Note that the kernel configuration we are using is not the stock version since we have disabled everything related so sound and graphics and enabled most networking options (can provided the config if needed). We are also running a minimalist Ubuntu 22.04 LTS as the distribution.

can you also provide the output of lspci -vvv in both cases. In both cases your devices should be using MSI interrupts, so I don’t believe the error message you are seeing is relevant.

In both cases the cards are detected so I am guessing that most likely this is due to pcie powersaving misbehaving.
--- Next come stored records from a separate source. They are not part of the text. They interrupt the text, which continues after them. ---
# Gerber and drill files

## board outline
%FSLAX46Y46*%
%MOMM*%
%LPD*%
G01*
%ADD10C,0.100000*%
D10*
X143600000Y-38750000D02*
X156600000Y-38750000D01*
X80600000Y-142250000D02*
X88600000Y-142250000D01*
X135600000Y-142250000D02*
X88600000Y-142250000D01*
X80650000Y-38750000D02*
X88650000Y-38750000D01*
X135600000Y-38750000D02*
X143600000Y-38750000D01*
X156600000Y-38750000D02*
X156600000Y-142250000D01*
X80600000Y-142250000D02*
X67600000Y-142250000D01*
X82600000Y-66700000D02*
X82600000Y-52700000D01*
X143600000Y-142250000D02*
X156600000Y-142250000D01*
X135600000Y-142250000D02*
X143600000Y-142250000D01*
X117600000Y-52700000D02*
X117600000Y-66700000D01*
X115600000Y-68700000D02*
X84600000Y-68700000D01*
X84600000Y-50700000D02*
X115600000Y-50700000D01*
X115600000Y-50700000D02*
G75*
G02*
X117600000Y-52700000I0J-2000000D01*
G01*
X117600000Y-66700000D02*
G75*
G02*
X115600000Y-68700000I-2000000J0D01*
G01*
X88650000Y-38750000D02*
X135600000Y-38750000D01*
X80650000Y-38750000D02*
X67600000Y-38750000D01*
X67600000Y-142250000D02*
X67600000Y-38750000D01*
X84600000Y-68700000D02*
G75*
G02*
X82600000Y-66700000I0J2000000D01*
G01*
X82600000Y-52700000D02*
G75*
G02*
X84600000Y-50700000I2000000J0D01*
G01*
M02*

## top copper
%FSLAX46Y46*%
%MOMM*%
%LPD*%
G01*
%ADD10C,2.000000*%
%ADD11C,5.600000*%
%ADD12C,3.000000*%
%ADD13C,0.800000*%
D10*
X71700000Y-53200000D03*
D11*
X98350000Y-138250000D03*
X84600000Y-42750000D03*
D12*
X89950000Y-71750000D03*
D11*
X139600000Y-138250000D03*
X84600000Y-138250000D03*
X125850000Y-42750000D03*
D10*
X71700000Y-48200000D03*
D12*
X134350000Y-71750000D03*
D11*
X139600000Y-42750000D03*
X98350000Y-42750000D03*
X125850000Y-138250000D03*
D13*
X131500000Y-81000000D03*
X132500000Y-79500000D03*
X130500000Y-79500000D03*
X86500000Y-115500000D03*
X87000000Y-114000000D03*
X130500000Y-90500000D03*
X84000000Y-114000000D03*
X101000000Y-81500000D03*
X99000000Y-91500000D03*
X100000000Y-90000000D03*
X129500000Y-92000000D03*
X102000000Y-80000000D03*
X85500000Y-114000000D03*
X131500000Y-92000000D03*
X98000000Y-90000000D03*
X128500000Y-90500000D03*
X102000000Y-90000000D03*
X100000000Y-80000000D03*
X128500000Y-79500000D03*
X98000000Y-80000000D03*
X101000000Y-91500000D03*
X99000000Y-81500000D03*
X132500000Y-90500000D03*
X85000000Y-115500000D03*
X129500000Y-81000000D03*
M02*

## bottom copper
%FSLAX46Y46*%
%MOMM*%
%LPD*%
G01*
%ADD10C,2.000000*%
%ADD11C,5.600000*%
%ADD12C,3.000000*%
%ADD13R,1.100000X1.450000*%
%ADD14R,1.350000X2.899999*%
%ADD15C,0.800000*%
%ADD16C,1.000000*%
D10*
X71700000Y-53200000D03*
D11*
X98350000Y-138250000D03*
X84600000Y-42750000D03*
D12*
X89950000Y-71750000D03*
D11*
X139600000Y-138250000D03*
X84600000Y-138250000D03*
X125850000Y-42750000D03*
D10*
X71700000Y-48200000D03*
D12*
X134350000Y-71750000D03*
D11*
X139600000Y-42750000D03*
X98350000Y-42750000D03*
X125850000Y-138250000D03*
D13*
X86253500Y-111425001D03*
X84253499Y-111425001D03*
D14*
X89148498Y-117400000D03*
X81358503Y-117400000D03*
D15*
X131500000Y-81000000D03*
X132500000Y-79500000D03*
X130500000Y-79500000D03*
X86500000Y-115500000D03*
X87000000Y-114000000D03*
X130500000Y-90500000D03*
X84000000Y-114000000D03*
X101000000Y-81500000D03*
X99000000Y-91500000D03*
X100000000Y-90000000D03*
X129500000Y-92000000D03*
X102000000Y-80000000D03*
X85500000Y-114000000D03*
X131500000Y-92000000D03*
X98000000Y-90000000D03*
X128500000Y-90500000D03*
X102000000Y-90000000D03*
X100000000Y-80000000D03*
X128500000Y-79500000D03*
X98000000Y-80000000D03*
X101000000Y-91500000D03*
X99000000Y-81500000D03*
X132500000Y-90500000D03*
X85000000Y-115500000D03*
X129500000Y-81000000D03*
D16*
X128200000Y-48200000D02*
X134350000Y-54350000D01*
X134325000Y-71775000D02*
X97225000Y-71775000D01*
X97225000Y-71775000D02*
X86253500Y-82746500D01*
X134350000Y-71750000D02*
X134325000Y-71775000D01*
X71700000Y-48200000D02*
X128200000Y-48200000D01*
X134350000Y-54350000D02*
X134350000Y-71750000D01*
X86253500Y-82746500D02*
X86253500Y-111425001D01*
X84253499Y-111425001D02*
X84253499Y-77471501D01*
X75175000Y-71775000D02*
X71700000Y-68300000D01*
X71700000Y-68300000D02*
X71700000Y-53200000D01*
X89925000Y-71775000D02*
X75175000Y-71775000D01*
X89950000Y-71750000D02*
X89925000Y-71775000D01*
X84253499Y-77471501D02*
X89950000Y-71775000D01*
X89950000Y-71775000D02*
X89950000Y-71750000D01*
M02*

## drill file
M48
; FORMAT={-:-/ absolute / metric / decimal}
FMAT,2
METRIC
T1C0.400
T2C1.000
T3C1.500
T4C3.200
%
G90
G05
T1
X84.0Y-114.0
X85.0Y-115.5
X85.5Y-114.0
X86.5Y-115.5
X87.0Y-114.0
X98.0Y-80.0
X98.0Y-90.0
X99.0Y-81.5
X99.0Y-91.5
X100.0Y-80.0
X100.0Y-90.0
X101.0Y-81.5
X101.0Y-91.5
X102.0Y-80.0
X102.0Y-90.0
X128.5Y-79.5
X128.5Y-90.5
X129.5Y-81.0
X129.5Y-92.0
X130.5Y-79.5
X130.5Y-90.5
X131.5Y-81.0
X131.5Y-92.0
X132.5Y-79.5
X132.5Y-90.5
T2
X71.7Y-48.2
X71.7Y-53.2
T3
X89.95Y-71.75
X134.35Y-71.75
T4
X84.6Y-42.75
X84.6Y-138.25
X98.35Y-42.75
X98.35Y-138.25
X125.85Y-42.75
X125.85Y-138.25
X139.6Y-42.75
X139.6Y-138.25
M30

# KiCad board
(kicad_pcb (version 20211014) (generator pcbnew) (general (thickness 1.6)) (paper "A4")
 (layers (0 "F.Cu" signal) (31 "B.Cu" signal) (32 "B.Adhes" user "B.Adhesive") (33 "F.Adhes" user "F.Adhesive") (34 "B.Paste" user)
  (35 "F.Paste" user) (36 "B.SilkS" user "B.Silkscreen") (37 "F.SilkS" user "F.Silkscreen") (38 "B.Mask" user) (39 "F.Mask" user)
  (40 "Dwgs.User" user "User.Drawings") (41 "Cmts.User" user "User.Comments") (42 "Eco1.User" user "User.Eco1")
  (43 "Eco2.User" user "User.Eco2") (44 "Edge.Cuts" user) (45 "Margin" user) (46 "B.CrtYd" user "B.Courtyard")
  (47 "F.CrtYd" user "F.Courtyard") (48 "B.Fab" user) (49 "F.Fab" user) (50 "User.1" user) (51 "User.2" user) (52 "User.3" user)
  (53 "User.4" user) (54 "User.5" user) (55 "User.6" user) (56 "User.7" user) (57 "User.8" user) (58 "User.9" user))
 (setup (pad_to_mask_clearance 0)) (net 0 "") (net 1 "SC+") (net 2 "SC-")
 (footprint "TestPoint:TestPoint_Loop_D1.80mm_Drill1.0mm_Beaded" (layer "F.Cu") (at 71.75 53.2)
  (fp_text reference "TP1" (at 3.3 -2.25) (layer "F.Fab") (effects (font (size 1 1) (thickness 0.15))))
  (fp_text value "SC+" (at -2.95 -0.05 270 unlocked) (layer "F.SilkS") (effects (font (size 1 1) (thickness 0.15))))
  (pad "1" thru_hole circle (at -0.05 0) (size 2 2) (drill 1) (layers *.Cu *.Mask) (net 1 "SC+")))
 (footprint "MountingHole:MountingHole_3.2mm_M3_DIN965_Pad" (layer "F.Cu") (at 98.35 138.25)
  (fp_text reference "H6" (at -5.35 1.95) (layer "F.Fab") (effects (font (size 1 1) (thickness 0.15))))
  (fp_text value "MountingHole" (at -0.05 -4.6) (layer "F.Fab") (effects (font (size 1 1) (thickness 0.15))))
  (pad "1" thru_hole circle (at 0 0) (size 5.6 5.6) (drill 3.2) (layers *.Cu *.Mask)))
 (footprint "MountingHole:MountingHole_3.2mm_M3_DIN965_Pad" (layer "F.Cu") (at 84.6 42.75)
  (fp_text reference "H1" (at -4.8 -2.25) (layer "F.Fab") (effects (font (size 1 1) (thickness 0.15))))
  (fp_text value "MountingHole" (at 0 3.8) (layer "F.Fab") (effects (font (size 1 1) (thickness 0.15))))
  (pad "1" thru_hole circle (at 0 0) (size 5.6 5.6) (drill 3.2) (layers *.Cu *.Mask)))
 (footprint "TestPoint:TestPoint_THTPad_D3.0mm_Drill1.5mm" (layer "F.Cu") (at 89.95 71.75)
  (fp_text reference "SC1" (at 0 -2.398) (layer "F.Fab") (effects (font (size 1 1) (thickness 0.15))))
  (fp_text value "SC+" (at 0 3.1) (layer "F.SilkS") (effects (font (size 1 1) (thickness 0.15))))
Could you please also do a boot with pcie_aspm=off added to the kernel commandline to see if that makes a difference?

See SolidRun LX2160 Good lspci -vvv - Pastebin.com for the lspci -vvv output after a good boot and see SolidRun LX2160 Bad lspci -vvv - Pastebin.com after a bad reboot. This is with our custom PCI card installed (rather than the Intel NIC). The only difference I see in the output is the following change:

  • Good: Masking: fffffff8 Pending: 00000000
  • Bad Masking: fffffffc Pending: 00000000

in the capabilities configuration of the PCI card.

I added the pcie_aspm=off to the kernel boot options but this did not make any difference (problem still present).

Does the card work if MSI interrupts are disabled? pci=nomsi

oh I just notice are you using SR-IOV on these cards?

The answers to your questions:

  • Work with pci=nomsi ? - No
  • Are you using SR-IOV ? - No

Hi,

We have run into the exact same issue, even with LSDK21.08.

Does anyone have a solution too this ?

Cheers,

Neil

Is the card detected fine and shows up in lspci? My initial thought is that the card is having issues by not getting a hard reset on reboot.

Card is detected fine, Enumerated correctly (all BARS allocated correctly), driver loads correctly, but no interrupts trigger when the card writes to its MSI address. Card only supports MSI interrupts and does not support ASPM, this is correctly advertised in the PCIe configuration space, and reported by lspci. The card is reset correctly, we can communicate with it, seems the host is ignoring the write to the MSI address. Power cycle the board and all is fine.

Thanks for resurrecting this thread…

My initial thought is that the card is having issues by not getting a hard reset on reboot.

If this is the case then what can be done to get the PCIe reset (i.e. the PERSTn signal) to be asserted on reboot - do we need a CPLD/FPGA firmware update ?

Without a working PERSTn, a power cycle will be needed after every reboot.

Note that in addition to NICs (our own design and off the shelf) we have seen a similar "not work after reboot) problem appear on an NVME card (a Sabrent in this case).

I was curious about PERST, because our reset for PCIe and all the other external devices is tied to the reset of the system. You can review this under the Reset Logic and Boot Select section of the CEX7 simplified schematic, The SYSRST_OUT signal is tied into most the hardware reset signals. Sometimes some PCIe devices such as FPGAs require a longer time to reset and load firmware and the timing of PERST vs CLOCK etc can cause issues on reset.

If you don’t mind, and this isn’t a recommended solution just a debugging option, it would be interesting to know if you don’t see this issue if you use our UEFI firmware.

Otherwise we will probably need some more debug output from the IRQ and PCIe initialization to dig into this further.